Jacqueline Reich, Ph.D., professor and chair of Fordham’s department of communication and media studies, is a scholar in the subject of masculinity. In addition to Marcello Mastroianni, Masculinity, and Italian Cinema, (Indiana University Press, 2004), she co-wrote, with Catherine O’Rawe,  Divi. La mascolinità nel cinema italiano (Stars: Masculinity in Italian Cinema), (Donzelli, 2015).

We sat down with her to talk about how shifting attitudes in both the United States and Italy have affected her own work. Spoiler alert: Stear clear if you don’t want to know how the television shows Friday Night Lights and The Sopranos end.

Listen here:

And in a bonus track, Reich talks about her involvement with the Bronx Italian American History Initiative, and how she’s embraced community-based scholarship.

Complete transcription below:

Jacqueline Reich: One of the things that being in a Jesuit university has taught me is that you have to have tough conversations. Because you’re never, ever going to go anywhere if you don’t have them. We’re just going to be caught in a kind of cycle of what you would call, what a lot of people are calling toxic masculinity.

Patrick Verel: In the last year, the phrase Me Too has become shorthand for survivors of sexual assault and harassment speaking out against their assailants.

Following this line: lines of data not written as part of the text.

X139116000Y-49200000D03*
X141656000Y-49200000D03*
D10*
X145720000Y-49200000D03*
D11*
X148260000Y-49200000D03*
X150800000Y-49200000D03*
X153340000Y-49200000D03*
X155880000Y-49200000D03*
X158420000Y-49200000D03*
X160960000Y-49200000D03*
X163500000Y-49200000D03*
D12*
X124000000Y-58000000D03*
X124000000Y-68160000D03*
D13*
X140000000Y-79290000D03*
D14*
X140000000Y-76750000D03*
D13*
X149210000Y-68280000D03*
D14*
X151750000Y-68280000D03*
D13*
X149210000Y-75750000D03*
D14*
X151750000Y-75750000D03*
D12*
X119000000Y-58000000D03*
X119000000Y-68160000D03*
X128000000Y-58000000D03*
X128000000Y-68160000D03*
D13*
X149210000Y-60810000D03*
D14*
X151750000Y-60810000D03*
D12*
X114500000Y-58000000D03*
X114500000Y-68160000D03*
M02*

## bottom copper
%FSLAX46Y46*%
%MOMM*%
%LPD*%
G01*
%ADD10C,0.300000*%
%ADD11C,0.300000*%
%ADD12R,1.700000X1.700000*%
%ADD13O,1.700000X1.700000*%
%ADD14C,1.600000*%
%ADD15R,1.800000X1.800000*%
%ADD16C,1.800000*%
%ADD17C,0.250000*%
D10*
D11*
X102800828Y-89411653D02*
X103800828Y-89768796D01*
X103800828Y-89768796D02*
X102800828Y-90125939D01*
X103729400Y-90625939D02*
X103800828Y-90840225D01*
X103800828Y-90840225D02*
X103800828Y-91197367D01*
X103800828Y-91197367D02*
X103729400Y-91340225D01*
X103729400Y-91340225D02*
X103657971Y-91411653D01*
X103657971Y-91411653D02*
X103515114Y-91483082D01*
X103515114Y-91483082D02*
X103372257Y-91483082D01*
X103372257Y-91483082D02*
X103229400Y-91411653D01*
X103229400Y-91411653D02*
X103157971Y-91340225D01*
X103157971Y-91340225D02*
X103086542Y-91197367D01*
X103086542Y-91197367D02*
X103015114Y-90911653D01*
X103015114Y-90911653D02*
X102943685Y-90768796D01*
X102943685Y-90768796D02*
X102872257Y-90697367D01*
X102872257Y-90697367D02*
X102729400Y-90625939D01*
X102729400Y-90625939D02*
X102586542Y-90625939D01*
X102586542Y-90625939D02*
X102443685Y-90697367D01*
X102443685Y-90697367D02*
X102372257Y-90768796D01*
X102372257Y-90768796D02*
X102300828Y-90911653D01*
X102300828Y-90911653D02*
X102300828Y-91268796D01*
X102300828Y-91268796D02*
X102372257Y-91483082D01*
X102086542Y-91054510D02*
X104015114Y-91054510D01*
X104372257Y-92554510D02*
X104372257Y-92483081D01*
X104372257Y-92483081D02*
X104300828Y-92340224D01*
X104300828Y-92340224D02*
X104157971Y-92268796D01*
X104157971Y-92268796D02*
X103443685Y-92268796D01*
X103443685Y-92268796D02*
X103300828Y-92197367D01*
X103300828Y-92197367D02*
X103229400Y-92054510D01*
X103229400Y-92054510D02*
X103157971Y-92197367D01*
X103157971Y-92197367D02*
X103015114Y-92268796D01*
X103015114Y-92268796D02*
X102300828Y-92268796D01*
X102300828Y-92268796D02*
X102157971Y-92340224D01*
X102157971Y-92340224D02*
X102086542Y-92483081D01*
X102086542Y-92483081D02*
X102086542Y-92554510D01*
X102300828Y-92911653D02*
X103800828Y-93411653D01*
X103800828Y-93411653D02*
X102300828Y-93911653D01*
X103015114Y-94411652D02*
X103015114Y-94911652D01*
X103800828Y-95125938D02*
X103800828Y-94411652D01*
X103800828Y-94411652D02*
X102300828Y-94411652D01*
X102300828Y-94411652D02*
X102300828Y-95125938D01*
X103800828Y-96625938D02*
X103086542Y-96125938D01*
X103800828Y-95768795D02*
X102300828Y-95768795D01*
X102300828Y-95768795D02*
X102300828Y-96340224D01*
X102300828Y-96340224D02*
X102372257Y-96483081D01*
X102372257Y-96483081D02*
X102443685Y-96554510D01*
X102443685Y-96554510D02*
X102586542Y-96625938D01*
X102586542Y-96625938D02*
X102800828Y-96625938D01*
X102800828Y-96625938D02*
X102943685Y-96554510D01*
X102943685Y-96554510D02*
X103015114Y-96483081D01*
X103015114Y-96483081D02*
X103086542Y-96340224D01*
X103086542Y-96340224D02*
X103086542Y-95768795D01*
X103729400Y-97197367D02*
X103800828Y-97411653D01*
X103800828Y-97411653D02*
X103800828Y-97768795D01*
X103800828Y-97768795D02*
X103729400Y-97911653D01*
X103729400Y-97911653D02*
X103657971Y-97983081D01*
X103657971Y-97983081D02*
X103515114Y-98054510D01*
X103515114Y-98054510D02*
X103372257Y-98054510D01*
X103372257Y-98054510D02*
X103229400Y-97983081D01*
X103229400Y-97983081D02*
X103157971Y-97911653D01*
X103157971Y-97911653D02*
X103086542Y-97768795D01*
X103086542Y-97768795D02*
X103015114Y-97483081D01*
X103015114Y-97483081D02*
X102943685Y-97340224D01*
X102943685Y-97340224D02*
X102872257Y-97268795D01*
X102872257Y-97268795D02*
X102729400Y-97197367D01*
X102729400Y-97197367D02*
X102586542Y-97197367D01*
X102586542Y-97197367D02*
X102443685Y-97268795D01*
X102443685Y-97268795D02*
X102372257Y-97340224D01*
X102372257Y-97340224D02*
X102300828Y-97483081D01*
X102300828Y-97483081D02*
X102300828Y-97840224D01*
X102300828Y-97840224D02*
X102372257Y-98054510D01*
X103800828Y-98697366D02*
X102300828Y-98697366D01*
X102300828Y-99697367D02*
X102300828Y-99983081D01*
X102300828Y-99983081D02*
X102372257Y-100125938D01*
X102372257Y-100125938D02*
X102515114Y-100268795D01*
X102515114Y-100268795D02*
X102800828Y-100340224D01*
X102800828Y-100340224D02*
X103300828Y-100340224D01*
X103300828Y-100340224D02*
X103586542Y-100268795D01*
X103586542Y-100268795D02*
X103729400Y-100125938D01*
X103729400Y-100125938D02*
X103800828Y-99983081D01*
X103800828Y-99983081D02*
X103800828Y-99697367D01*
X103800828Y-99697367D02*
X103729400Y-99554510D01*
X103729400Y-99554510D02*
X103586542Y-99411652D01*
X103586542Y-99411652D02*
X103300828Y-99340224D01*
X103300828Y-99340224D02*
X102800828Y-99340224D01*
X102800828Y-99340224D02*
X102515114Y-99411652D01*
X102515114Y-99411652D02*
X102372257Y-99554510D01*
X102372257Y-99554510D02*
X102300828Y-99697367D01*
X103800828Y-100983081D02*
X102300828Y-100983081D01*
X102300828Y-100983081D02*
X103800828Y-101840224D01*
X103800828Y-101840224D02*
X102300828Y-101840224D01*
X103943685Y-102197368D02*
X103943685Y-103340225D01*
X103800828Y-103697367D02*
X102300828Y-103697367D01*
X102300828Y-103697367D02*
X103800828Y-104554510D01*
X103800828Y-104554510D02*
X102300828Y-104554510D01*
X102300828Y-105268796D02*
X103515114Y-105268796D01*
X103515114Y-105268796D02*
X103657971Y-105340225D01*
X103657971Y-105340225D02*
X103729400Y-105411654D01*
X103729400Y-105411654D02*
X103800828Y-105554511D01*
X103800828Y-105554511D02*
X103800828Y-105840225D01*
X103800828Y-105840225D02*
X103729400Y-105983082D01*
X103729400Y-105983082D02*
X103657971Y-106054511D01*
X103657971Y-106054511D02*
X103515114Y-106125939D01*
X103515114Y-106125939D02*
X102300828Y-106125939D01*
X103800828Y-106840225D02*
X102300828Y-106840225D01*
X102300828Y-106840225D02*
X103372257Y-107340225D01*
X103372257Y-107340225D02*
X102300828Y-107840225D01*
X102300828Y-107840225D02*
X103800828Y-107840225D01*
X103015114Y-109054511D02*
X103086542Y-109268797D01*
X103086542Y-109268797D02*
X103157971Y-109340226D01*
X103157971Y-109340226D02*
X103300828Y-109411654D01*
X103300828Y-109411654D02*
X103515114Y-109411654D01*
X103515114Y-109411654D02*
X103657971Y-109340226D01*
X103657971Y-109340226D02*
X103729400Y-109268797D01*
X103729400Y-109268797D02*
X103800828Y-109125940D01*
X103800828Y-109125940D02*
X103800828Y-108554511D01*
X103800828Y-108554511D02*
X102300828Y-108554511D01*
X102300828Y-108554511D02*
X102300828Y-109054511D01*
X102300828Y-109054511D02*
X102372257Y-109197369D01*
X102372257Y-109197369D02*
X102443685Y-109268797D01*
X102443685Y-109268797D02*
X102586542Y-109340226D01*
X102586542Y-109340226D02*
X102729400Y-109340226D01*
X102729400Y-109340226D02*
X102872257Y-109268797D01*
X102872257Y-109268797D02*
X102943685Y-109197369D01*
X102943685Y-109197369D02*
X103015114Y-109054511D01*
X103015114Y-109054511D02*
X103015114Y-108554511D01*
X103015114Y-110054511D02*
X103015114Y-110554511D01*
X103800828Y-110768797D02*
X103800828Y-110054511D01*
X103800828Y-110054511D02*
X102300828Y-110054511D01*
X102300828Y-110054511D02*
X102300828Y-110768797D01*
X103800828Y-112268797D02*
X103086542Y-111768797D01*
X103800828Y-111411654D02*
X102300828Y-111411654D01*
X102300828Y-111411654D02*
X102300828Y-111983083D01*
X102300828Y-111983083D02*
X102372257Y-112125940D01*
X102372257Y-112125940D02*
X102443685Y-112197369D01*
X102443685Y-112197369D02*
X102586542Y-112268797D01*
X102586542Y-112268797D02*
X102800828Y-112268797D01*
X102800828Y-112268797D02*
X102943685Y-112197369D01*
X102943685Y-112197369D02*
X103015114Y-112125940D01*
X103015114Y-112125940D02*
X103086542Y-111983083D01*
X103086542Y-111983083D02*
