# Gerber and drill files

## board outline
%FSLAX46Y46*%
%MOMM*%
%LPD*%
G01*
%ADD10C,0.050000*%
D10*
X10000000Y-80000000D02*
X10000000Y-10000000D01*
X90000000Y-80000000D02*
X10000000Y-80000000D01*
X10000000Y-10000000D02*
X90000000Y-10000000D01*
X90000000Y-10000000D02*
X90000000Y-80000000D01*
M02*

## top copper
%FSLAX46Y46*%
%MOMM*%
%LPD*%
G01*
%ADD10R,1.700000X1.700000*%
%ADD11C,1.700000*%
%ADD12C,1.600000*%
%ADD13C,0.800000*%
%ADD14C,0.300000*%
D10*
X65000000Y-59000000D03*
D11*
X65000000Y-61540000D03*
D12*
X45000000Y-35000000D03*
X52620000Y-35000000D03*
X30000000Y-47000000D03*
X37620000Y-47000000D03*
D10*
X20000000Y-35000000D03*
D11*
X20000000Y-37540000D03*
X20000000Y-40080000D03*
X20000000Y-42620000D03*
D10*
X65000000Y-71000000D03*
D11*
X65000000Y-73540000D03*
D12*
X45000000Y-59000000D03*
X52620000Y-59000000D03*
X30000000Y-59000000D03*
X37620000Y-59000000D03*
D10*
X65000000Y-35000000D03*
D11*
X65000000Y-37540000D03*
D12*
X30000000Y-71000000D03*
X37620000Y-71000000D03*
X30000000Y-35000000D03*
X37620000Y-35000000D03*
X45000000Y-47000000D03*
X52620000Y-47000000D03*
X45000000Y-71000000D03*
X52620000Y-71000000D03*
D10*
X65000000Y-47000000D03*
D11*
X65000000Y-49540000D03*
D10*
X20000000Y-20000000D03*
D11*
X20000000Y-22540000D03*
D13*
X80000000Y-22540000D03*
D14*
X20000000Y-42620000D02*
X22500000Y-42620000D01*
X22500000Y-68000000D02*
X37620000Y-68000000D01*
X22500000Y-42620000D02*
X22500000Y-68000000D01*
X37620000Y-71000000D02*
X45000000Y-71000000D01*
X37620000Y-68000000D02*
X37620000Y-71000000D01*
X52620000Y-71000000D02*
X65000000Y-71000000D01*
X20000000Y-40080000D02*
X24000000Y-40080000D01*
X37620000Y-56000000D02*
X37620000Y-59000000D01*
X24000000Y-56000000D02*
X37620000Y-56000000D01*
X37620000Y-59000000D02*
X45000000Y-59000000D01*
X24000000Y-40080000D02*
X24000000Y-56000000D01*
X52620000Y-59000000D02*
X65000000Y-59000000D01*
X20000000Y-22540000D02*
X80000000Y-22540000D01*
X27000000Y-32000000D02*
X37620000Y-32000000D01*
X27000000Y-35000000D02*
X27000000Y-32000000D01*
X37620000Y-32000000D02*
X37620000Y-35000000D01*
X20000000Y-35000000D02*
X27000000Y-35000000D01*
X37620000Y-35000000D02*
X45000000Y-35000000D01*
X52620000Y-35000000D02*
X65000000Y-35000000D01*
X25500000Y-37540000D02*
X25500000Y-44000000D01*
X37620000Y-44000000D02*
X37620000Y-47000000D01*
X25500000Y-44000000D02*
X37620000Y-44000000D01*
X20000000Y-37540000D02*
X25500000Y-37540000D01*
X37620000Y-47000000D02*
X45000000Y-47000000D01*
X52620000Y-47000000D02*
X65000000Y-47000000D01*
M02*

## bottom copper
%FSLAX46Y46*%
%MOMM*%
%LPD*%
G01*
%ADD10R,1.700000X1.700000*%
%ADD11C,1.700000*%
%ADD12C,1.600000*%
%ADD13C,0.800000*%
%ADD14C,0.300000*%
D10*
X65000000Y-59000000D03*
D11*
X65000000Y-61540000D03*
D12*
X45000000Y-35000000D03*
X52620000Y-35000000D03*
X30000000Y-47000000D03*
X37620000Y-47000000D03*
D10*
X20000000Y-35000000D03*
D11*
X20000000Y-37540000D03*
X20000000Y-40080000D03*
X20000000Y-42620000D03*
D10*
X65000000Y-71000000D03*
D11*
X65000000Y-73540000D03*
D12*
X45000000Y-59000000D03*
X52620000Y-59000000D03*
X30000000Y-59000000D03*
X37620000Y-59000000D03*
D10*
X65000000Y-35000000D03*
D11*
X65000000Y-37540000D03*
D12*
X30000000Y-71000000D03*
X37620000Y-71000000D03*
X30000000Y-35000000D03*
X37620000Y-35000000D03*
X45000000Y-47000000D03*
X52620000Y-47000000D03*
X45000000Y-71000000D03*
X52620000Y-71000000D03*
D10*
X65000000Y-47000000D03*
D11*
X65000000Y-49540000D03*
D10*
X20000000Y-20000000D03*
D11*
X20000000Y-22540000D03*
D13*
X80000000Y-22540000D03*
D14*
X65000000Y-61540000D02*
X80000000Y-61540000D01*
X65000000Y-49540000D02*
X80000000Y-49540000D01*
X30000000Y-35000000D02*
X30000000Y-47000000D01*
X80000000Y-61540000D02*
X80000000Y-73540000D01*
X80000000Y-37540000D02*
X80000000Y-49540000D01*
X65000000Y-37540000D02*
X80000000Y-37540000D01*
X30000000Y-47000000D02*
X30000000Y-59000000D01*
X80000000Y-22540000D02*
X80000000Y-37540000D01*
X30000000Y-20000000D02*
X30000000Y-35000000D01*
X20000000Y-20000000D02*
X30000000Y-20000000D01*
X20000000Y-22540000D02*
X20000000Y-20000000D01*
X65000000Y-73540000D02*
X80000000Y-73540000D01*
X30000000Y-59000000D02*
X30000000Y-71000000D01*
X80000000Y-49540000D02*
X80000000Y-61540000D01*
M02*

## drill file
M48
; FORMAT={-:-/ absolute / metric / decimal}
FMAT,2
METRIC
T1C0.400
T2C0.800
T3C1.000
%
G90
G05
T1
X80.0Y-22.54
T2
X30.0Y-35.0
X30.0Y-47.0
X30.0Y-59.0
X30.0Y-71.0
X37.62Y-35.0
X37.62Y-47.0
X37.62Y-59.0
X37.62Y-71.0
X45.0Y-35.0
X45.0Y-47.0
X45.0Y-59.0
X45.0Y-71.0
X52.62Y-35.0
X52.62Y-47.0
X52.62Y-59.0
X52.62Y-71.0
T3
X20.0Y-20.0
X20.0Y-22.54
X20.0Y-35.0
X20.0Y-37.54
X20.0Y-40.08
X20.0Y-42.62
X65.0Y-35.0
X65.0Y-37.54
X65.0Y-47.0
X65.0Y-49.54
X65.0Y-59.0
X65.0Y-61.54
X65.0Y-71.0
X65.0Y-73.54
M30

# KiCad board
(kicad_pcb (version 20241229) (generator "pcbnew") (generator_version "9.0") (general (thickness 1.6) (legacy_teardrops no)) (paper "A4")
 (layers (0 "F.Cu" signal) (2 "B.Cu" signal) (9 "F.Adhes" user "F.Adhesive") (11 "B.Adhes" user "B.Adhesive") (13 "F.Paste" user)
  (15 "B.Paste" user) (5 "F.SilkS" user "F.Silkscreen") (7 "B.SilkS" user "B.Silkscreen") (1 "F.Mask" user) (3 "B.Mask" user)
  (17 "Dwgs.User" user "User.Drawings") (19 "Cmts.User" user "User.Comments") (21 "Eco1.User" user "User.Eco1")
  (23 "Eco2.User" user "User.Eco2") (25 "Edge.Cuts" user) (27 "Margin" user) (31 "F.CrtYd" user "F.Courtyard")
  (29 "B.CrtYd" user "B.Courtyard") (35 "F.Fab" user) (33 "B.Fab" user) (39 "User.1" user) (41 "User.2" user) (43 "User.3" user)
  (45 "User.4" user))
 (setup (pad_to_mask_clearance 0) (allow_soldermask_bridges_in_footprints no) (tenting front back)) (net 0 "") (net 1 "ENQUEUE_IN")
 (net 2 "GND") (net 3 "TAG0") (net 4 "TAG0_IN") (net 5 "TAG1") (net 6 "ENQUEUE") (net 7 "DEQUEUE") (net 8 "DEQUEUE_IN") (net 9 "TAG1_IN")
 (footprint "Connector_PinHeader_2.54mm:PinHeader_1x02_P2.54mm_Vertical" (layer "F.Cu") (at 65 59)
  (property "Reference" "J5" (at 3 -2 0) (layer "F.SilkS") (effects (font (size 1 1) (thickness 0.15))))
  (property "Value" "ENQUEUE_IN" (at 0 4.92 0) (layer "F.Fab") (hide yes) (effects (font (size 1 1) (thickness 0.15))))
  (pad "1" thru_hole rect (at 0 0) (size 1.7 1.7) (drill 1) (layers "*.Cu" "*.Mask") (remove_unused_layers no) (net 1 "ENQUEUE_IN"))
  (pad "2" thru_hole circle (at 0 2.54) (size 1.7 1.7) (drill 1) (layers "*.Cu" "*.Mask") (remove_unused_layers no) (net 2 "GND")))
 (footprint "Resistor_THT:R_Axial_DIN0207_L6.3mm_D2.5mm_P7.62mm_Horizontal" (layer "F.Cu") (at 45 35)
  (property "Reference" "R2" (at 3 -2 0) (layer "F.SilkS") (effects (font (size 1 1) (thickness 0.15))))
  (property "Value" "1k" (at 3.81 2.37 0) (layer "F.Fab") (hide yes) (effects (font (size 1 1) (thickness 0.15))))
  (pad "1" thru_hole circle (at 0 0) (size 1.6 1.6) (drill 0.8) (layers "*.Cu" "*.Mask") (remove_unused_layers no) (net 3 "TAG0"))
  (pad "2" thru_hole circle (at 7.62 0) (size 1.6 1.6) (drill 0.8) (layers "*.Cu" "*.Mask") (remove_unused_layers no) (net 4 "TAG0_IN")))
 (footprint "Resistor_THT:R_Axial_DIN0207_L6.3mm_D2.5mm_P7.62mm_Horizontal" (layer "F.Cu") (at 30 47)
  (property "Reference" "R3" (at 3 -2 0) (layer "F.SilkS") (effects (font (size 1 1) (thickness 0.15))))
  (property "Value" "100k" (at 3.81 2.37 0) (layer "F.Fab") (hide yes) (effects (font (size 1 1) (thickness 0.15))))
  (pad "1" thru_hole circle (at 0 0) (size 1.6 1.6) (drill 0.8) (layers "*.Cu" "*.Mask") (remove_unused_layers no) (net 2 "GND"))
  (pad "2" thru_hole circle (at 7.62 0) (size 1.6 1.6) (drill 0.8) (layers "*.Cu" "*.Mask") (remove_unused_layers no) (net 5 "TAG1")))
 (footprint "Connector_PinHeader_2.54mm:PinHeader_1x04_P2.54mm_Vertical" (layer "F.Cu") (at 20 35)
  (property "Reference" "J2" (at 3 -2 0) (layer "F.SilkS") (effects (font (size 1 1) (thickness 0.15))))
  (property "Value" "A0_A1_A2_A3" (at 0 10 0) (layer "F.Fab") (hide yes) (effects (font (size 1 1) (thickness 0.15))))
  (pad "1" thru_hole rect (at 0 0) (size 1.7 1.7) (drill 1) (layers "*.Cu" "*.Mask") (remove_unused_layers no) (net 3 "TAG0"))
  (pad "2" thru_hole circle (at 0 2.54) (size 1.7 1.7) (drill 1) (layers "*.Cu" "*.Mask") (remove_unused_layers no) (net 5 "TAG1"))
  (pad "3" thru_hole circle (at 0 5.08) (size 1.7 1.7) (drill 1) (layers "*.Cu" "*.Mask") (remove_unused_layers no) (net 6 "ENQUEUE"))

At the same time, the term toxic masculinity has also entered the public conversation as a potential culprit for unrestrained, unresolved hostility towards women. Jacqueline Reich, a professor and Chair of Fordham’s Department of Communications and Media Studies was one of the first scholars to explore the subject of masculinity, most recently through a 2015 book, Stars, Masculinity in Italian Cinema. We sat down with her to talk about how shifting attitudes in both the United States and Italy have affected her work.

I’m Patrick Verel. And this is Fordham News.

What is masculinity studies and how does studying masculinity differ from the ways in which one studies feminism?

Jacqueline Reich: Well, masculinity studies grew out of feminist criticism. At least the way I practice it. I’ll tell you sort of how I got involved in it. I was a graduate student and I was working on my dissertation, which was on the representation of women in films during the fascist period. I started thinking to myself, well, I’m looking at female representations. Shouldn’t I be looking at the representation of men? So, at the same time that I’m starting to think about this, Marcello Mastroianni passes away, in 1996. And all of the obituaries in the United States started talking about him as this Latin lover and this great icon of style on the Italian screen. Italian ones focused on his overall star persona, his contributions, his work with actresses, his works with Federico Fellini. Not that the American ones didn’t mention that as well. But still, it was a different sort of paradigm.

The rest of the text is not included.